# A 'work in progress' tonal piece some of you may like



## Pysmythe (May 11, 2014)

...and many others may hate, lol. Feel free to ream me a new one, if you like, I'm a big boy. And honestly, I don't have any intention of posting this as some kind of a "statement" about tonality one way or the other, whether it is the superior way or not, and this isn't the only sort of music I attempt, although it is what I do better, I guess. I'm just a hobbyist composer, after all, but a serious one, and I would appreciate some feedback on it, at some point. And I should say that a big part of the reason I'm here, to begin with, is to get some ideas about different approaches and to find better resources for this than I would be as likely to find on my own. A couple of other things: If you do listen to it, there is my own little brief homage to Bach starting at around 2:55, but... don't panic! I don't attempt to stay there very long, and the rest of the piece is not in any way Baroque.
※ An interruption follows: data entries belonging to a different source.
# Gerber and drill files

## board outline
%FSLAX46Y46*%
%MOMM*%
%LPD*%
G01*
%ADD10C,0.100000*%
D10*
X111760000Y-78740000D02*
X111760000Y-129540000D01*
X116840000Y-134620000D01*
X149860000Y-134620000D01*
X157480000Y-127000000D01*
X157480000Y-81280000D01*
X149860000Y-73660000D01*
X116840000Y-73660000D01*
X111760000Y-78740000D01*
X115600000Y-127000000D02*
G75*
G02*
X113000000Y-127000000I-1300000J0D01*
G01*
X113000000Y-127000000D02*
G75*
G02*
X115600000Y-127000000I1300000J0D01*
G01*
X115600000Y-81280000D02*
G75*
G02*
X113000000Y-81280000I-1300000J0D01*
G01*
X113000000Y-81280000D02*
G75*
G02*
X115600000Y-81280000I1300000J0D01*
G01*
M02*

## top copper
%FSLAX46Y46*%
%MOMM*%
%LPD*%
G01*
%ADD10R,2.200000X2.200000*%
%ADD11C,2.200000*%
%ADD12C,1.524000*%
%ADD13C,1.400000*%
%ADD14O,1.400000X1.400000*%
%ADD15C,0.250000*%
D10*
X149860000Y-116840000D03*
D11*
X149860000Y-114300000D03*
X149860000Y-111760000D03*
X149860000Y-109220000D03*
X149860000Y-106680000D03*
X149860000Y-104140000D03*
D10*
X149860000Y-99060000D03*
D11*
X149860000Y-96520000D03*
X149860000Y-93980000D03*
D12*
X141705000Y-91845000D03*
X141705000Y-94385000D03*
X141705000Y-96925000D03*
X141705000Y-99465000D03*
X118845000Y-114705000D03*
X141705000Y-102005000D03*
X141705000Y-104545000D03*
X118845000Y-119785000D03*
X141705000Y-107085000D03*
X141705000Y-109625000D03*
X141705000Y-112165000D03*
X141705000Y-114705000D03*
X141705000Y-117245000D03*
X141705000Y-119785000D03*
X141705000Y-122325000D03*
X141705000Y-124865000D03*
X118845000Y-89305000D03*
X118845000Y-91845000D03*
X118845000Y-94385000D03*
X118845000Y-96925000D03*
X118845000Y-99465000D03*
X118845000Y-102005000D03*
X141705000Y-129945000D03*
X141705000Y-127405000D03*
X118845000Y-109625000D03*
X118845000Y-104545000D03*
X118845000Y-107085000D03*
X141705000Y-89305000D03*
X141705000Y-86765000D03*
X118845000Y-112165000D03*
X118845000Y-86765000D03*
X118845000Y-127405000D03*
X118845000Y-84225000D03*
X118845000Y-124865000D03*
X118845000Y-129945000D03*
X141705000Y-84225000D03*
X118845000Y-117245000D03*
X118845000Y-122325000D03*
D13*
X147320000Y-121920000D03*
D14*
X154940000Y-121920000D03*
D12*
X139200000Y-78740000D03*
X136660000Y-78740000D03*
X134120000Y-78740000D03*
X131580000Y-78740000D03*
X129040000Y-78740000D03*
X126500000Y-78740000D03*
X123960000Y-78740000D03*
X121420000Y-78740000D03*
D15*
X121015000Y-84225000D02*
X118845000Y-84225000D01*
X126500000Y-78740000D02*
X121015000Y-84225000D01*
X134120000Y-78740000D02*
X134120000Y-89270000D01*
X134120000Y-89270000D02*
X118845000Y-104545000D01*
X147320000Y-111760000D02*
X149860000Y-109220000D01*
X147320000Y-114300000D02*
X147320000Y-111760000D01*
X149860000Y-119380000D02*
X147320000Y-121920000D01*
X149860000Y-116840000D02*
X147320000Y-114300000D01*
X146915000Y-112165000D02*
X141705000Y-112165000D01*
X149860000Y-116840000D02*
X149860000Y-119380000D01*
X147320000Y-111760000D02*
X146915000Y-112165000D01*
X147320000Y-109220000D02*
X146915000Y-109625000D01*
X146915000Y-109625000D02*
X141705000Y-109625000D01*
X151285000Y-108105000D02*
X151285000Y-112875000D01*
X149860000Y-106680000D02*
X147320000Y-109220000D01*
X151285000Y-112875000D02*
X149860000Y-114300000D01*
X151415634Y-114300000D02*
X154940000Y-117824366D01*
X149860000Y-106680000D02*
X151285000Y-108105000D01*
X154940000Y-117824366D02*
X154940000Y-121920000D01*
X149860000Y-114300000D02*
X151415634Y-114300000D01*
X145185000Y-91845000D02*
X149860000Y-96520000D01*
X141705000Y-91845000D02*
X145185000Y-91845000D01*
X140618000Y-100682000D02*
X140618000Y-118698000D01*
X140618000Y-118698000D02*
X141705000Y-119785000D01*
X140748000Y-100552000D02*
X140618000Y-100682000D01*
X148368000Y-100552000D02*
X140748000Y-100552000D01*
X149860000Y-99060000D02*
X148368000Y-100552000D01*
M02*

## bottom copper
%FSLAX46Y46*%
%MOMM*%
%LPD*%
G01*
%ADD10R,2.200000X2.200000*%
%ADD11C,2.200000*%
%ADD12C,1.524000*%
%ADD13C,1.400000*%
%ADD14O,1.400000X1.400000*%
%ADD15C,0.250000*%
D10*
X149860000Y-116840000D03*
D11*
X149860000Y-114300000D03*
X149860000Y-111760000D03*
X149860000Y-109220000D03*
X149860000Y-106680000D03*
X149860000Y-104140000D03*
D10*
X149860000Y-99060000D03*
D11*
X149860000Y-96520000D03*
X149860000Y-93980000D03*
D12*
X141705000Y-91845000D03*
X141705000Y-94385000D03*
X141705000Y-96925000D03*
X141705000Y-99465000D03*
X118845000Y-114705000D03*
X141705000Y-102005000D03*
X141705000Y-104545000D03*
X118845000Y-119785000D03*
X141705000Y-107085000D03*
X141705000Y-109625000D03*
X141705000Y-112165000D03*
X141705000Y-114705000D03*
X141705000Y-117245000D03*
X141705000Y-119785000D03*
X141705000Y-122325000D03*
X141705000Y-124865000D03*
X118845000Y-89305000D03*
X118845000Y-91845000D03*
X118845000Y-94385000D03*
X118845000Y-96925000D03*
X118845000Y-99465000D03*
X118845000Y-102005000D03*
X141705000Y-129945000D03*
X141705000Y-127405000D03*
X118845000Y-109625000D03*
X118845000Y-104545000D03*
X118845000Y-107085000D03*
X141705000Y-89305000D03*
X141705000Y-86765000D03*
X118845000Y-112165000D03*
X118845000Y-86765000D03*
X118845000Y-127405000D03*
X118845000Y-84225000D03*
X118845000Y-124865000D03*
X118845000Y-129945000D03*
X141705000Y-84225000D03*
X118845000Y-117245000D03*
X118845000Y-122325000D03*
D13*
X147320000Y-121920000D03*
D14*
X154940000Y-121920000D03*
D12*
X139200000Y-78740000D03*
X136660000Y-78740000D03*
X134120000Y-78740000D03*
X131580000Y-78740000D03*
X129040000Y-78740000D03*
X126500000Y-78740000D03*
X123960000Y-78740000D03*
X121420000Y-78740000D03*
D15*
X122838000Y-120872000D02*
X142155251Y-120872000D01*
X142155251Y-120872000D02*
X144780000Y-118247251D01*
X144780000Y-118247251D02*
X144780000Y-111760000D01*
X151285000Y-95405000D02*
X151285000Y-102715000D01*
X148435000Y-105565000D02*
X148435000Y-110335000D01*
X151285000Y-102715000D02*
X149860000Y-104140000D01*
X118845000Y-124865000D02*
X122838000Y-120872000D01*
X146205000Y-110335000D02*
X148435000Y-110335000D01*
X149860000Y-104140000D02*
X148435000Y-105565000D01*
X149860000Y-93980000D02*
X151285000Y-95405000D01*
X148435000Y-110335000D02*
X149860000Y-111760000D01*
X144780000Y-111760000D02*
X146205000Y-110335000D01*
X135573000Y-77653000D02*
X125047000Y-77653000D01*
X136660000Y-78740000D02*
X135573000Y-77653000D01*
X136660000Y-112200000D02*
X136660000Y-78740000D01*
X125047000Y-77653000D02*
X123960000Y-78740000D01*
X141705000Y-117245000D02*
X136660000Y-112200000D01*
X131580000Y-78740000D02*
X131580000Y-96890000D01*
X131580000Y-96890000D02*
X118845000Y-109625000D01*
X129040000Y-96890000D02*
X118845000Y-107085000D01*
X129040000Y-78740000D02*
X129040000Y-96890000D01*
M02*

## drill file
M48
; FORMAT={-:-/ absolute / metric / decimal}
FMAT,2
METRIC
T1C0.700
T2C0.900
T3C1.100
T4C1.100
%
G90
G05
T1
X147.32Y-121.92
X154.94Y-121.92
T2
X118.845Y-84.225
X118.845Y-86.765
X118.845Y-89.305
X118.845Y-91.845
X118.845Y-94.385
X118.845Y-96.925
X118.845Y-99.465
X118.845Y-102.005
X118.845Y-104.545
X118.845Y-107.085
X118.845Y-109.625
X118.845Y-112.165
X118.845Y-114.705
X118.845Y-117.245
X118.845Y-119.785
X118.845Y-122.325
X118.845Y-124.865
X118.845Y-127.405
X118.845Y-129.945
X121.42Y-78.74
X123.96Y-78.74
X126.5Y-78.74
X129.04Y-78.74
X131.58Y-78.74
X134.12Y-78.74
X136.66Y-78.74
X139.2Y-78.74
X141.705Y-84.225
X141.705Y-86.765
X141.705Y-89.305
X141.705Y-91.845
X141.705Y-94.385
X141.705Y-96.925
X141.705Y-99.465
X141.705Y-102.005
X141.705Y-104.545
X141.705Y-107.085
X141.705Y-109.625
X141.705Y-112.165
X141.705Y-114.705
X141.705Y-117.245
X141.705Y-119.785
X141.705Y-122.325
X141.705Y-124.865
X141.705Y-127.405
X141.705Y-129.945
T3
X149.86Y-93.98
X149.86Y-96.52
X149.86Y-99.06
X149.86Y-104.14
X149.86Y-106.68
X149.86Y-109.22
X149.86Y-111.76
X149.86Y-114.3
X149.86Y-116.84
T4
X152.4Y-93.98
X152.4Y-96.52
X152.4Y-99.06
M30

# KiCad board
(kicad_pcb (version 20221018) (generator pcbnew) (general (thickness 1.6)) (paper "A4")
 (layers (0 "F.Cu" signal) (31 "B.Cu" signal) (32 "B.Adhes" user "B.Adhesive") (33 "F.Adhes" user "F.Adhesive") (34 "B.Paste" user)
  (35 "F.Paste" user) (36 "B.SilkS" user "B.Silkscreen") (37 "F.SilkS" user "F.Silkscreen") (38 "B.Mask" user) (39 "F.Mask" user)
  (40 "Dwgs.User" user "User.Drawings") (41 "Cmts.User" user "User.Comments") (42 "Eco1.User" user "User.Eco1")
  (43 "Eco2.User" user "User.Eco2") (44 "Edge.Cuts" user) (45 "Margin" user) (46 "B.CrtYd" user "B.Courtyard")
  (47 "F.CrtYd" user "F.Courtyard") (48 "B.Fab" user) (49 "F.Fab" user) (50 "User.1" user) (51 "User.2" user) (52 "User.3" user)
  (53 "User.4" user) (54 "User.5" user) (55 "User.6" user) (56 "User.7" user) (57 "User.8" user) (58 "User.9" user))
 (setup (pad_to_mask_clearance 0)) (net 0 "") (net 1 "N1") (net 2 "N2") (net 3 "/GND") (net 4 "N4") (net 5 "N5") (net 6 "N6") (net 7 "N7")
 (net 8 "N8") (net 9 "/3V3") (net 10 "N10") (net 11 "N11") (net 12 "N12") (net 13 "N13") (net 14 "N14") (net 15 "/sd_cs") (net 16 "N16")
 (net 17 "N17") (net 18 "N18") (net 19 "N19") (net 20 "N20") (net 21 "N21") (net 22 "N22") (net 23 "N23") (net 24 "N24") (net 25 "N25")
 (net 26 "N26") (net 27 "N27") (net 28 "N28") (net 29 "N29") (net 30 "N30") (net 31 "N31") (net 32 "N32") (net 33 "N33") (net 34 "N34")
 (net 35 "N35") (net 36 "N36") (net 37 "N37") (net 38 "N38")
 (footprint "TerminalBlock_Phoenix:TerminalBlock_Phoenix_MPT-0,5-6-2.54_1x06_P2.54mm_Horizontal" (layer "F.Cu") (at 149.86 116.84 90)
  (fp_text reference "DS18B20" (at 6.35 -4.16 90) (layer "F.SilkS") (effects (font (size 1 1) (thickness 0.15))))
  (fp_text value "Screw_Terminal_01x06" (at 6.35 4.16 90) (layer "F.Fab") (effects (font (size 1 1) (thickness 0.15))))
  (pad "1" thru_hole rect (at 0 0 90) (size 2.2 2.2) (drill 1.1) (layers "*.Cu" "*.Mask") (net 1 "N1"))
  (pad "2" thru_hole circle (at 2.54 0 90) (size 2.2 2.2) (drill 1.1) (layers "*.Cu" "*.Mask") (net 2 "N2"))
  (pad "3" thru_hole circle (at 5.08 0 90) (size 2.2 2.2) (drill 1.1) (layers "*.Cu" "*.Mask") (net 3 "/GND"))
  (pad "4" thru_hole circle (at 7.62 0 90) (size 2.2 2.2) (drill 1.1) (layers "*.Cu" "*.Mask") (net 1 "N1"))
  (pad "5" thru_hole circle (at 10.16 0 90) (size 2.2 2.2) (drill 1.1) (layers "*.Cu" "*.Mask") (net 2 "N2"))
  (pad "6" thru_hole circle (at 12.7 0 90) (size 2.2 2.2) (drill 1.1) (layers "*.Cu" "*.Mask") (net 3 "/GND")))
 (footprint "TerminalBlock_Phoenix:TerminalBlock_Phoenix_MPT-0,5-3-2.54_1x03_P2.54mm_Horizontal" (layer "F.Cu") (at 149.86 99.06 90)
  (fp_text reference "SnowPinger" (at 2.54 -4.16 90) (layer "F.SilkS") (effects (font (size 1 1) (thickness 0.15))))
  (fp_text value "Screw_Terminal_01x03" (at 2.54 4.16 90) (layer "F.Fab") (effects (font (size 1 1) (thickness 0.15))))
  (pad "" np_thru_hole circle (at 0 2.54 90) (size 1.1 1.1) (drill 1.1) (layers "*.Cu" "*.Mask"))
  (pad "" np_thru_hole circle (at 2.54 2.54 90) (size 1.1 1.1) (drill 1.1) (layers "*.Cu" "*.Mask"))
  (pad "" np_thru_hole circle (at 5.08 2.54 90) (size 1.1 1.1) (drill 1.1) (layers "*.Cu" "*.Mask"))
  (pad "1" thru_hole rect (at 0 0 90) (size 2.2 2.2) (drill 1.1) (layers "*.Cu" "*.Mask") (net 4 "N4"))
  (pad "2" thru_hole circle (at 2.54 0 90) (size 2.2 2.2) (drill 1.1) (layers "*.Cu" "*.Mask") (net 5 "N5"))
  (pad "3" thru_hole circle (at 5.08 0 90) (size 2.2 2.2) (drill 1.1) (layers "*.Cu" "*.Mask") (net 3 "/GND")))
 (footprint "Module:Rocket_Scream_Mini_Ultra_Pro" (layer "F.Cu") (at 131.545 107.085)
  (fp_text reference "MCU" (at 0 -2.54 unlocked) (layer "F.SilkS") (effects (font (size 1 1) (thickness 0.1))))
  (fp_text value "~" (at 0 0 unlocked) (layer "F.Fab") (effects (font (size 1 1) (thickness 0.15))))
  (pad "0" thru_hole circle (at 10.16 -15.24) (size 1.524 1.524) (drill 0.9) (layers "*.Cu" "*.Mask") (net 5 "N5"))
  (pad "1" thru_hole circle (at 10.16 -12.7) (size 1.524 1.524) (drill 0.9) (layers "*.Cu" "*.Mask") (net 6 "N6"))
  (pad "2" thru_hole circle (at 10.16 -10.16) (size 1.524 1.524) (drill 0.9) (layers "*.Cu" "*.Mask") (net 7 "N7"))
  (pad "3" thru_hole circle (at 10.16 -7.62) (size 1.524 1.524) (drill 0.9) (layers "*.Cu" "*.Mask") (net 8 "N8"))
  (pad "3V3" thru_hole circle (at -12.7 7.62) (size 1.524 1.524) (drill 0.9) (layers "*.Cu" "*.Mask") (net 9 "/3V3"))
  (pad "4" thru_hole circle (at 10.16 -5.08) (size 1.524 1.524) (drill 0.9) (layers "*.Cu" "*.Mask") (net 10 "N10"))
  (pad "5" thru_hole circle (at 10.16 -2.54) (size 1.524 1.524) (drill 0.9) (layers "*.Cu" "*.Mask") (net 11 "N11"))
  (pad "5V" thru_hole circle (at -12.7 12.7) (size 1.524 1.524) (drill 0.9) (layers "*.Cu" "*.Mask") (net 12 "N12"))
  (pad "6" thru_hole circle (at 10.16 0) (size 1.524 1.524) (drill 0.9) (layers "*.Cu" "*.Mask") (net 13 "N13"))
  (pad "7" thru_hole circle (at 10.16 2.54) (size 1.524 1.524) (drill 0.9) (layers "*.Cu" "*.Mask") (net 2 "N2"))
  (pad "8" thru_hole circle (at 10.16 5.08) (size 1.524 1.524) (drill 0.9) (layers "*.Cu" "*.Mask") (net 1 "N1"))
  (pad "9" thru_hole circle (at 10.16 7.62) (size 1.524 1.524) (drill 0.9) (layers "*.Cu" "*.Mask") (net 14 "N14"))
  (pad "10" thru_hole circle (at 10.16 10.16) (size 1.524 1.524) (drill 0.9) (layers "*.Cu" "*.Mask") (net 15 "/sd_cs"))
And the title is just a working title, which came to mind simply out of the swirling section that starts the piece; it never was supposed to be "about space" in some way. The last thing is that this was done all but completely with the Notion 4 software, which I've mentioned elsewhere here, and was put through Audacity only to bring up the bass a little and to compress it. Otherwise, all I've added to it was some reverb from the built-in Notion mixer, and all the fader levels were left just as they came out of the box.


----------